High protective efficacy of the early SP IPTi trial

The major interest in SP IPTi was caused by the high efficacy found in the first study Citation[18], which also showed a protective effect lasting into the second year of life Citation[121]. The subsequent studies showed protective efficacies varying from 0 to 32%. Three explanations for this discrepancy exist. First, there was a rapid reduction in transmission intensity during the trial period. Two independent modeling exercises support this theory Citation[122,123] with evidence that there was falling transmission at the time of the study Citation[124]. Second, is that SP was acting as a ‘leaky vaccine’. This term describes the hypothesis that a partially effective drug combined with high ITN coverage may have led to attenuated blood-stage infections enabling immunity to develop without leading to clinical disease Citation[125], this theory supported by experimental infections in human volunteers, which found that deliberate ultra-low dose infections were more immunogenic than those acquired naturally Citation[126]. However, this effect was not found in other settings. Third, the finding could be a consequence of simple imbalances in the randomization, for instance, the placebo group were more exposed than the intervention group. While sufficient imbalances in randomization to produce such effects are unlikely a priori, given the result of the trial (high and sustained efficacy that was not replicated elsewhere), imbalance in randomization becomes a plausible explanation, and requires no complex biological or epidemiological hypothesis.

Future research

Alternative drugs to SP for IPTi are urgently needed and need to be long acting. AQ on its own Citation[127] or in combination with AS Citation[107] and mefloquine Citation[97] have been shown to be effective at preventing malaria in infants.

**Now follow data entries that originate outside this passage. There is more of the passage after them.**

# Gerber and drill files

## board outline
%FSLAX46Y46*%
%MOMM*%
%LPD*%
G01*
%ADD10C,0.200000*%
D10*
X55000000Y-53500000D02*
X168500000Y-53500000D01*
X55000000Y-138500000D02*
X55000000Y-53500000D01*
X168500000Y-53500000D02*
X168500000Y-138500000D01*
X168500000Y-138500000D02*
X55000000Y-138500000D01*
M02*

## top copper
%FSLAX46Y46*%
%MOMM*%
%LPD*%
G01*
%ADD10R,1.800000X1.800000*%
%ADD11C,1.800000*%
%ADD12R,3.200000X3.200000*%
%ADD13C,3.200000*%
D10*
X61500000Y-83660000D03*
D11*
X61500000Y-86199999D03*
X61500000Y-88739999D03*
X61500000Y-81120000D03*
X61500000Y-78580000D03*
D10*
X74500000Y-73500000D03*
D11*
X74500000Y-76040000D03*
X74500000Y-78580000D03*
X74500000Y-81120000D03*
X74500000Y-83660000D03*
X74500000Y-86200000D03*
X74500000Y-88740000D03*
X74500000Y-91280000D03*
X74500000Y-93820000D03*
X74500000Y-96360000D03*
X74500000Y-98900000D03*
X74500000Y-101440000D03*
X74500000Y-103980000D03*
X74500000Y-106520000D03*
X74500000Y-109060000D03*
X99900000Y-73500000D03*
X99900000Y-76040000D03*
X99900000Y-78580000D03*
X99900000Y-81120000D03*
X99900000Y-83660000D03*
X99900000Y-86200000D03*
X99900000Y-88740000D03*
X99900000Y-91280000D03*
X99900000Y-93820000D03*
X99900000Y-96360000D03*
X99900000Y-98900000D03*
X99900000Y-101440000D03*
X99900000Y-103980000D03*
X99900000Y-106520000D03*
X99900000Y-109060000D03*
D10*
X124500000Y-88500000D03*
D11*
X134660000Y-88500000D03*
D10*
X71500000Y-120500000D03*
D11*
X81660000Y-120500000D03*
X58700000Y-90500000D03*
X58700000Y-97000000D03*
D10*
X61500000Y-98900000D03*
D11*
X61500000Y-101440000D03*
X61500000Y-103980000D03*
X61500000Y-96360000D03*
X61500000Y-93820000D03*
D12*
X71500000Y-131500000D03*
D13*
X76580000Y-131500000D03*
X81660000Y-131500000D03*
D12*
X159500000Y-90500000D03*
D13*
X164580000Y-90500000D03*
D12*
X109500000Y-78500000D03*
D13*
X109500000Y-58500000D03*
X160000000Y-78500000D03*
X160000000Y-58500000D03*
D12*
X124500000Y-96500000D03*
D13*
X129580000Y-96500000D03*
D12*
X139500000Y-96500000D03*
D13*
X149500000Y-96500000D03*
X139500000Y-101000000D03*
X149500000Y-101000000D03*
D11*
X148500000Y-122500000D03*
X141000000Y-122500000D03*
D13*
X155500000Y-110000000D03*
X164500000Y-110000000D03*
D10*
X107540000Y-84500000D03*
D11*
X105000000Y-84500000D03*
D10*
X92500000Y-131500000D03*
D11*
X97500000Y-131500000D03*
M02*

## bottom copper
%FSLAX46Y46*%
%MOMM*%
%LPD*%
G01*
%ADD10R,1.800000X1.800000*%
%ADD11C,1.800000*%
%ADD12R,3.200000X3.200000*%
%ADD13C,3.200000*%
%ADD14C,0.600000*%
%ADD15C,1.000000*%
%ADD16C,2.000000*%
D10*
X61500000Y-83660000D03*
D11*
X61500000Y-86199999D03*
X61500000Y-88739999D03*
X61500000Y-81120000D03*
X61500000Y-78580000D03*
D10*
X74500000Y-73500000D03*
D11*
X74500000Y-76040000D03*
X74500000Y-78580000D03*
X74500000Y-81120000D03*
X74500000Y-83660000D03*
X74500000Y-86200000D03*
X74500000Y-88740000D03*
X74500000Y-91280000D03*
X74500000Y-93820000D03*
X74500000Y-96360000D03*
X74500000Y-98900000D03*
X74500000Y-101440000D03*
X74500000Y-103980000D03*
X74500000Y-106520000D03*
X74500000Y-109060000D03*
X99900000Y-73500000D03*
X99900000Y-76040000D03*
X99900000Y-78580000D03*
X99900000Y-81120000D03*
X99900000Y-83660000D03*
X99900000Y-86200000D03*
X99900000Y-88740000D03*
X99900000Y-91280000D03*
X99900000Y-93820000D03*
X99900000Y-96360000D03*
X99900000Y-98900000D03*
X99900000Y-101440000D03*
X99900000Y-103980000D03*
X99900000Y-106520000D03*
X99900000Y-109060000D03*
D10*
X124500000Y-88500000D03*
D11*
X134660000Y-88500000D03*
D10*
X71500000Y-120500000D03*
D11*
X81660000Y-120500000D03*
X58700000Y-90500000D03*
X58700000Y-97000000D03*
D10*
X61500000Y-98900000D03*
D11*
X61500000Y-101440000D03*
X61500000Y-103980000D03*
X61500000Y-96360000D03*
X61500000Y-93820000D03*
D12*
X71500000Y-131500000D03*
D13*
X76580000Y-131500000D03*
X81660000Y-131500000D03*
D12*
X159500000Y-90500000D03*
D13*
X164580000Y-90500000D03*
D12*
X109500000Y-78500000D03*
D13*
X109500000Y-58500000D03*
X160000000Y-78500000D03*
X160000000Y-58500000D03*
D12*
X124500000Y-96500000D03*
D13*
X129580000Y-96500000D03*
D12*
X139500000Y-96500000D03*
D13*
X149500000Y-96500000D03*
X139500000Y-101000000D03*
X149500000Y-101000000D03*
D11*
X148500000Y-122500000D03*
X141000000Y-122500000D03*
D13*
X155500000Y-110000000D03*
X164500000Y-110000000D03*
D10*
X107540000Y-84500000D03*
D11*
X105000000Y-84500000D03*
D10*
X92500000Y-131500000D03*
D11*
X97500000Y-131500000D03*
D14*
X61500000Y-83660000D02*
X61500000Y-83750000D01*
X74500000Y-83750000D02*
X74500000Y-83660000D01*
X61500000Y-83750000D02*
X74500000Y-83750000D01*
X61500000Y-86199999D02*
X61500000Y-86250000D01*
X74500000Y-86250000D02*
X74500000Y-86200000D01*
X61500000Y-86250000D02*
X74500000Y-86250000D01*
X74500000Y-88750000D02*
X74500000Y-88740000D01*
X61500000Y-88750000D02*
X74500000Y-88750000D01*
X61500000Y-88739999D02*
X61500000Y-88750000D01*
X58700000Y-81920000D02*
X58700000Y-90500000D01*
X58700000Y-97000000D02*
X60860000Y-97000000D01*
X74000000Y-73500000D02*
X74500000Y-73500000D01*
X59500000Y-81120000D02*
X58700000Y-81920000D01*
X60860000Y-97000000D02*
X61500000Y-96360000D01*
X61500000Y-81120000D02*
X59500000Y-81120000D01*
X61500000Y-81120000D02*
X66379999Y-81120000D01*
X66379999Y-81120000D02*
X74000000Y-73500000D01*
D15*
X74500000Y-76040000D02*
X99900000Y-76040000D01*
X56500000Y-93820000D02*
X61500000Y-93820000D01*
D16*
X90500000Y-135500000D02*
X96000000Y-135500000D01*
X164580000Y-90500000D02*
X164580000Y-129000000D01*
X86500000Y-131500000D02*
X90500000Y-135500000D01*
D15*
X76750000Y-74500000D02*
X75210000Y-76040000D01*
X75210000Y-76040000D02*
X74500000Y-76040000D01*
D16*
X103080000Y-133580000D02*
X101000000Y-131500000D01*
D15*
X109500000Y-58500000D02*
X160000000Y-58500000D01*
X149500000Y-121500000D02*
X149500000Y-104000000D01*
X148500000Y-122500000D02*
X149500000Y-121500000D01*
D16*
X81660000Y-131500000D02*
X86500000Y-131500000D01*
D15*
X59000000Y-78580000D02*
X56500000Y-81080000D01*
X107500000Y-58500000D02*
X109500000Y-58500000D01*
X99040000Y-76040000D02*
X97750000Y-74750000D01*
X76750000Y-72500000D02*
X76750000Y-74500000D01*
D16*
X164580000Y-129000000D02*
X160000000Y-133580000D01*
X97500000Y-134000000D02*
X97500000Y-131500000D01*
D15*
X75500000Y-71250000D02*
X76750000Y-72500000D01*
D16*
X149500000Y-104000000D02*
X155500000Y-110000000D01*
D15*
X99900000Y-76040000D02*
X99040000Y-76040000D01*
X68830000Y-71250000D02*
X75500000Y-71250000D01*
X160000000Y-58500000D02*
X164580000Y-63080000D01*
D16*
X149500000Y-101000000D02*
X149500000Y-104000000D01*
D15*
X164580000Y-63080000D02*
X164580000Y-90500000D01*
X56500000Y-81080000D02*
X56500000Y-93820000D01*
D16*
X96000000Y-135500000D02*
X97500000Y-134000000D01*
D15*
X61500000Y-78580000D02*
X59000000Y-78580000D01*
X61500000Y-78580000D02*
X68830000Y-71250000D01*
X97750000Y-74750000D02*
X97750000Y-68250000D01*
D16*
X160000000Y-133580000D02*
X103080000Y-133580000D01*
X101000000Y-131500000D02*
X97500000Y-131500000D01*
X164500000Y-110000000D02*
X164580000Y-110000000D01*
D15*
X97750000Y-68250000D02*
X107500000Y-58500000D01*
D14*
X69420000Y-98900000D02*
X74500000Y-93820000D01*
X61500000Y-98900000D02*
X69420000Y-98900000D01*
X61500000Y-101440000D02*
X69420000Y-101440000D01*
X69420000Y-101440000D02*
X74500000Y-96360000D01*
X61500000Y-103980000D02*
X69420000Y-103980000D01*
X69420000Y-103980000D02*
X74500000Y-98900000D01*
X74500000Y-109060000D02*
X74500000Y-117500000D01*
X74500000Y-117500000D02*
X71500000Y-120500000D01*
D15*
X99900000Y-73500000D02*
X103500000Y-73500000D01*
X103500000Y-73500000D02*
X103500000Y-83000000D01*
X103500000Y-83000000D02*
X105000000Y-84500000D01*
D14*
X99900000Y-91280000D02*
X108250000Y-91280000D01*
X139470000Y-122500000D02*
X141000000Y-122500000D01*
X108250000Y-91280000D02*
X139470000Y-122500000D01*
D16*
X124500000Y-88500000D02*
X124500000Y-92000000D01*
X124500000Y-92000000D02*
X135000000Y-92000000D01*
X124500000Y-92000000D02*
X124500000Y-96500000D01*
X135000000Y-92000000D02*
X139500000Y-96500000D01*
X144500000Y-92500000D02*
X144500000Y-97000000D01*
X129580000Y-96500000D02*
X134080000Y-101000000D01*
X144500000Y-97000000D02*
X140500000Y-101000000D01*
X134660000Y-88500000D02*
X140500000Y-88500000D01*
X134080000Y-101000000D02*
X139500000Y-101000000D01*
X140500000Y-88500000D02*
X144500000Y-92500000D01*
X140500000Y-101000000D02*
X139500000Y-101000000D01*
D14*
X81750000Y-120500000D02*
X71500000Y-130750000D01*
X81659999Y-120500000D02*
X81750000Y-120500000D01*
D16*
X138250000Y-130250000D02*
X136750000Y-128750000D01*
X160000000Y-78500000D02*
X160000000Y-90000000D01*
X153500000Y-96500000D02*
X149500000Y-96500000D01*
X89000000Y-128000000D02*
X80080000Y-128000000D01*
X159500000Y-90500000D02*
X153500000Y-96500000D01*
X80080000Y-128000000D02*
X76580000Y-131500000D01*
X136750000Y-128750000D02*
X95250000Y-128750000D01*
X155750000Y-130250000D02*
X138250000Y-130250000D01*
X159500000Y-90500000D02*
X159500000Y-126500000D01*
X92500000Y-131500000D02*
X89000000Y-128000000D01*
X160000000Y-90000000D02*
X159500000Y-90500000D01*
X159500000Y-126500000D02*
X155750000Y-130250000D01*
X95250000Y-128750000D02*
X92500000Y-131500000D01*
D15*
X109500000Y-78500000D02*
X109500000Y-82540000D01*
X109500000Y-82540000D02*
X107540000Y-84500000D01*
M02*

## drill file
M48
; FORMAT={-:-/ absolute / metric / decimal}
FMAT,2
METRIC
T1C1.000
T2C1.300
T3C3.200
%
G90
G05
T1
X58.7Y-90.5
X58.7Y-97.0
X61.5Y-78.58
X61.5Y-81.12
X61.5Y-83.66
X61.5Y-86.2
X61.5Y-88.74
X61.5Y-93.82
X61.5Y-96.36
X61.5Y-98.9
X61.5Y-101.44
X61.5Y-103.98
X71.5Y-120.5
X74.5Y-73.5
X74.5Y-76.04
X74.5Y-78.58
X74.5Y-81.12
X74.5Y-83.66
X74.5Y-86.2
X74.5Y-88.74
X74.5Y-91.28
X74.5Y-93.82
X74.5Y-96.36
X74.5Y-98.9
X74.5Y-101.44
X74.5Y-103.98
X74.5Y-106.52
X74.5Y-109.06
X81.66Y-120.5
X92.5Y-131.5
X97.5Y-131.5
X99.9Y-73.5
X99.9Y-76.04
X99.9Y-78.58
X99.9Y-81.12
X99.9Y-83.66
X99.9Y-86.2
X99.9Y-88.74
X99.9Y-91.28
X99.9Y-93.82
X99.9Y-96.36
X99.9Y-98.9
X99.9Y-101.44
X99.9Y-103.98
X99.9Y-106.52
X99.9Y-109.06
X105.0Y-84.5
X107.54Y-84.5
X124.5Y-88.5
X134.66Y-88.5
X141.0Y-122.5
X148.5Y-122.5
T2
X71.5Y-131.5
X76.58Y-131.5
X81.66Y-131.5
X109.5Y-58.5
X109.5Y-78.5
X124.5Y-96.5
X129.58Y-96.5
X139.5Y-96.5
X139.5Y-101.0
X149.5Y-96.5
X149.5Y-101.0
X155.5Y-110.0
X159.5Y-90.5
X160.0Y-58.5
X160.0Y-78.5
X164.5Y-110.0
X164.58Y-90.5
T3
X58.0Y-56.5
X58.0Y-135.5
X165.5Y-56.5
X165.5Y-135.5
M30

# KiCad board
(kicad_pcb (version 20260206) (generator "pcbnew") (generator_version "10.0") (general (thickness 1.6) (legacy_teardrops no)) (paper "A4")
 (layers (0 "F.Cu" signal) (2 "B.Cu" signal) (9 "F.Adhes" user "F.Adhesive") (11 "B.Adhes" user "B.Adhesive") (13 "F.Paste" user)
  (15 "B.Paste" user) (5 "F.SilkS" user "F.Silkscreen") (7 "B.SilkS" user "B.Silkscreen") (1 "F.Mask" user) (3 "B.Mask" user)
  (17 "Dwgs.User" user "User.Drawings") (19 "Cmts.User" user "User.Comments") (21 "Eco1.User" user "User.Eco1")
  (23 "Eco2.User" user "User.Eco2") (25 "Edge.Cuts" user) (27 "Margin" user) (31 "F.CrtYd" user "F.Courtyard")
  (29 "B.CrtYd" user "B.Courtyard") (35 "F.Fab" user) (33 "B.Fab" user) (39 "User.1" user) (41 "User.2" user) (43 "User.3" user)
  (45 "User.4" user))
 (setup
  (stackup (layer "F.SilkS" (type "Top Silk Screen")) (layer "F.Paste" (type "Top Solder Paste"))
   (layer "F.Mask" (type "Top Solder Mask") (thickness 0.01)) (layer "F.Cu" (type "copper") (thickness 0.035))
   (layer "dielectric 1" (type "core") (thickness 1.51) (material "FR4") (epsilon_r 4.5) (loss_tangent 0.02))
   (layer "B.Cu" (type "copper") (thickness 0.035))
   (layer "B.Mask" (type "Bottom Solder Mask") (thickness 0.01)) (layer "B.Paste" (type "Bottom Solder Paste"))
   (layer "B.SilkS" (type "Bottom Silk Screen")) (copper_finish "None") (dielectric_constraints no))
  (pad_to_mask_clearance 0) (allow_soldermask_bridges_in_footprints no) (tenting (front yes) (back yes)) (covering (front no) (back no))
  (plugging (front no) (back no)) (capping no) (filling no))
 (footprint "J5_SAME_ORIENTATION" (layer "F.Cu") (at 61.5 83.5 -90)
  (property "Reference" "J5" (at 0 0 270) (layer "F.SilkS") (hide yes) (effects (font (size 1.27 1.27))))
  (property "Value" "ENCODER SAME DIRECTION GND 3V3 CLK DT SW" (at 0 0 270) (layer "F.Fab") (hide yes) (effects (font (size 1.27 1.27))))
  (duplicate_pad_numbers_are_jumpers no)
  (pad "1" thru_hole rect (at 0.16 0 270) (size 1.8 1.8) (drill 1) (layers "*.Cu") (remove_unused_layers no) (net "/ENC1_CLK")
   (clearance 0.5) (thermal_bridge_angle 45))
  (pad "2" thru_hole circle (at 2.699999 0 270) (size 1.8 1.8) (drill 1) (layers "*.Cu") (remove_unused_layers no) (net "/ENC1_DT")
   (clearance 0.5))
  (pad "3" thru_hole circle (at 5.239999 0 270) (size 1.8 1.8) (drill 1) (layers "*.Cu") (remove_unused_layers no) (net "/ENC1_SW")
   (clearance 0.5))
  (pad "4" thru_hole circle (at -2.38 0 270) (size 1.8 1.8) (drill 1) (layers "*.Cu") (remove_unused_layers no) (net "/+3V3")
   (clearance 0.5))
  (pad "5" thru_hole circle (at -4.92 0 270) (size 1.8 1.8) (drill 1) (layers "*.Cu") (remove_unused_layers no) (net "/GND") (clearance 0.5)))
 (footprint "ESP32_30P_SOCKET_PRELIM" (layer "F.Cu") (at 74.5 73.5)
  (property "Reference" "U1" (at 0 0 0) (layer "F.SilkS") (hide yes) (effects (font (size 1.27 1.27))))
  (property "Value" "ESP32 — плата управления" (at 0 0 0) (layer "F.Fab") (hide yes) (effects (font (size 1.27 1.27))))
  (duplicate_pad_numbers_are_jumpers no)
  (pad "1" thru_hole rect (at 0 0) (size 1.8 1.8) (drill 1) (layers "*.Cu") (remove_unused_layers no) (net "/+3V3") (clearance 0.5)
   (thermal_bridge_angle 45))
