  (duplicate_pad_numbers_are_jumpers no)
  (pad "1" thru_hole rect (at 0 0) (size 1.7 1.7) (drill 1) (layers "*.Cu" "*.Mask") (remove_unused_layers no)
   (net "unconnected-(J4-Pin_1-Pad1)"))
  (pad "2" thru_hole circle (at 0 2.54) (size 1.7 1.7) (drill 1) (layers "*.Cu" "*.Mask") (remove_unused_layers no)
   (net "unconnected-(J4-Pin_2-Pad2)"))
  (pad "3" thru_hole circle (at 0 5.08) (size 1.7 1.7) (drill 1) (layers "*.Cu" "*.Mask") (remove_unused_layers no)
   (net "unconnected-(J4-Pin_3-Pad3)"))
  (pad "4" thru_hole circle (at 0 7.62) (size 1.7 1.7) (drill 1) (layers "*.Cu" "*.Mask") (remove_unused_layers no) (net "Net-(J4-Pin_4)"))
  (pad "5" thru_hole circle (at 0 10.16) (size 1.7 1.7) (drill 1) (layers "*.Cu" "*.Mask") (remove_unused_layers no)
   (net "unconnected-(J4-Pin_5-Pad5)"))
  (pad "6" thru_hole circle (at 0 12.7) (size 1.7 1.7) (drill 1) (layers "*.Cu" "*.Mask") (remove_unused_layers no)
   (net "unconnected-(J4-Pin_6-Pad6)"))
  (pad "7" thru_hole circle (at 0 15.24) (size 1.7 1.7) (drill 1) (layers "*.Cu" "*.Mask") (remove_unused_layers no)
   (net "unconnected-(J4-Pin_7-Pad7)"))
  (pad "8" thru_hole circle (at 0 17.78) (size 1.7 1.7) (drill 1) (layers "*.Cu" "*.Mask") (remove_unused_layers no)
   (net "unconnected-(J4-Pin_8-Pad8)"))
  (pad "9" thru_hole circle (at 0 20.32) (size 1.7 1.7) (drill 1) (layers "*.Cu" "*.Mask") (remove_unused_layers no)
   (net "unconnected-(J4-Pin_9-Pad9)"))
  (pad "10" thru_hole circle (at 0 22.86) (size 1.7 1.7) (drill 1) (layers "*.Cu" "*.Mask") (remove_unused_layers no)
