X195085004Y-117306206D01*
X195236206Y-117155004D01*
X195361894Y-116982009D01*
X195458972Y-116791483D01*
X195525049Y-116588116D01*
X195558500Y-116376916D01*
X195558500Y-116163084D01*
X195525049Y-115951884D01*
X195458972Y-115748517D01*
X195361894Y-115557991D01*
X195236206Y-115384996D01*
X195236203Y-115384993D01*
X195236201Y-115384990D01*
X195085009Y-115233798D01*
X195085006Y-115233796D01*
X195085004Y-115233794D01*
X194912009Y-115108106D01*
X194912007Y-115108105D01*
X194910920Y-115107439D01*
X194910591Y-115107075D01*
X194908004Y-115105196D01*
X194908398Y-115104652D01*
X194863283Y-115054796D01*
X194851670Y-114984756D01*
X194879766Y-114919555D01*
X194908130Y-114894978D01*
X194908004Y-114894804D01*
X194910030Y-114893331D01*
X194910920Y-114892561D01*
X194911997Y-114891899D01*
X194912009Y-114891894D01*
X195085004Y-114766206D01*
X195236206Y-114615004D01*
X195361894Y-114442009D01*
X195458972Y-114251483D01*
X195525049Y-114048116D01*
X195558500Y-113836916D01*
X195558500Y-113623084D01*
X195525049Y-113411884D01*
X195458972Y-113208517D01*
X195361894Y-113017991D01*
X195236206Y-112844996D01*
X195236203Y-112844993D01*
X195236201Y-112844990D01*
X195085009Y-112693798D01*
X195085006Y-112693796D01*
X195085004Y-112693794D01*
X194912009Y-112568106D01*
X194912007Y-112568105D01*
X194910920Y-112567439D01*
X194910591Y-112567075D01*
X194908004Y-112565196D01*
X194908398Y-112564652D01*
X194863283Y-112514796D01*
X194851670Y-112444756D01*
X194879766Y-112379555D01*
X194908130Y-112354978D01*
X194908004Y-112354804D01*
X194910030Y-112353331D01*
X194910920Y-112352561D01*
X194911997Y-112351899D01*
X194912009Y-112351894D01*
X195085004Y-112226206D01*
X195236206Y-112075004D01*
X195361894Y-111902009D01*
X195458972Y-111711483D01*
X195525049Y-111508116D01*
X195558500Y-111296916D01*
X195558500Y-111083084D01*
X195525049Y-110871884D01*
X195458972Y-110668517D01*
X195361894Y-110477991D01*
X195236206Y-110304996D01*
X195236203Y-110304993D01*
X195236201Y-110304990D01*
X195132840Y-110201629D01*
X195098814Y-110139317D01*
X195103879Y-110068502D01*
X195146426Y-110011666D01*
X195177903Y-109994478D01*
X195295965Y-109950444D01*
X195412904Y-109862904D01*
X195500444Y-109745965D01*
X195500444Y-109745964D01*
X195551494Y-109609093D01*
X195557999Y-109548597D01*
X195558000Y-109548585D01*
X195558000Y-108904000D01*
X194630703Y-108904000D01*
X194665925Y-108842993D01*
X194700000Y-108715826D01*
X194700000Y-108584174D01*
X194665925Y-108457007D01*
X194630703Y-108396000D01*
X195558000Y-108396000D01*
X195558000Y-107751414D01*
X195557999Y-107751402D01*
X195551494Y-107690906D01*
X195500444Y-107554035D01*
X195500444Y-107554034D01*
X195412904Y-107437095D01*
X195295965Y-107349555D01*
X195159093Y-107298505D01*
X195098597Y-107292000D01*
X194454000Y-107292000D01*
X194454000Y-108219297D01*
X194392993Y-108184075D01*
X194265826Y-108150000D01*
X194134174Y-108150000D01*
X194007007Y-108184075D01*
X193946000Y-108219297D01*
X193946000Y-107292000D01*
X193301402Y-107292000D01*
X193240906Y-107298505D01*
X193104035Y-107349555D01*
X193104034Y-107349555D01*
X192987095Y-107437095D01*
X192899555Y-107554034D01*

Mefloquine has issues of tolerability, whilst AQ and AS are both 3-day courses. Although no trials for new drugs for IPTi are underway, the likeliest new drug candidate is PQ. This drug needs to be fully assessed in randomized controlled trials and will probably need to be partnered with another long-acting antimalarial. Where possible, drugs should be pediatric formulations, designed to be heat stable with a long shelf life, easily transportable and include pharmacological studies as little is known about the pharmacokinetics of antimalarial drugs in this age group.

IPT in children

Purpose

The age distribution of severe and nonsevere malaria varies in different transmission settings Citation[128–131]. Age-specific prevalence of asymptomatic infection, with its associated risk of anemia, also differs Citation[132,133]. As a result, the age-groups that would benefit most from IPT will vary in different epidemiological settings. Even in contexts where infancy is the single year of life with the greatest malaria morbidity, the majority of the lifetime malaria burden lies outside this period. Consequently, IPT focused only on infants would achieve suboptimal protection in the majority of transmission settings.

The purpose of IPTc is thus to prevent clinical malaria and malaria-associated anemia in young children as well as in infants. Delivery of IPT to children following infancy requires the development of delivery systems other than the Expanded Program on Immunization (EPI). This could be challenging in some settings. A major advantage of delivery outside the EPI is that the timing of doses is not dictated by vaccination contacts and IPT can be given at the time of year when the malaria burden is greatest. Given that protection from IPT is restricted to the period when drugs have not been eliminated from the body, this may help to maximize efficacy Citation[98]. Many IPTc studies have taken place in areas with seasonal malaria transmission because in such settings the majority of the malaria burden lies outside infancy and many doses given through the EPI would be given at a time of very low malaria risk Citation[129,134–137]. Delivery of IPT to older children may be appropriate wherever the disease burden extends outside infancy; thus IPT in children should also be considered for areas of perennial transmission.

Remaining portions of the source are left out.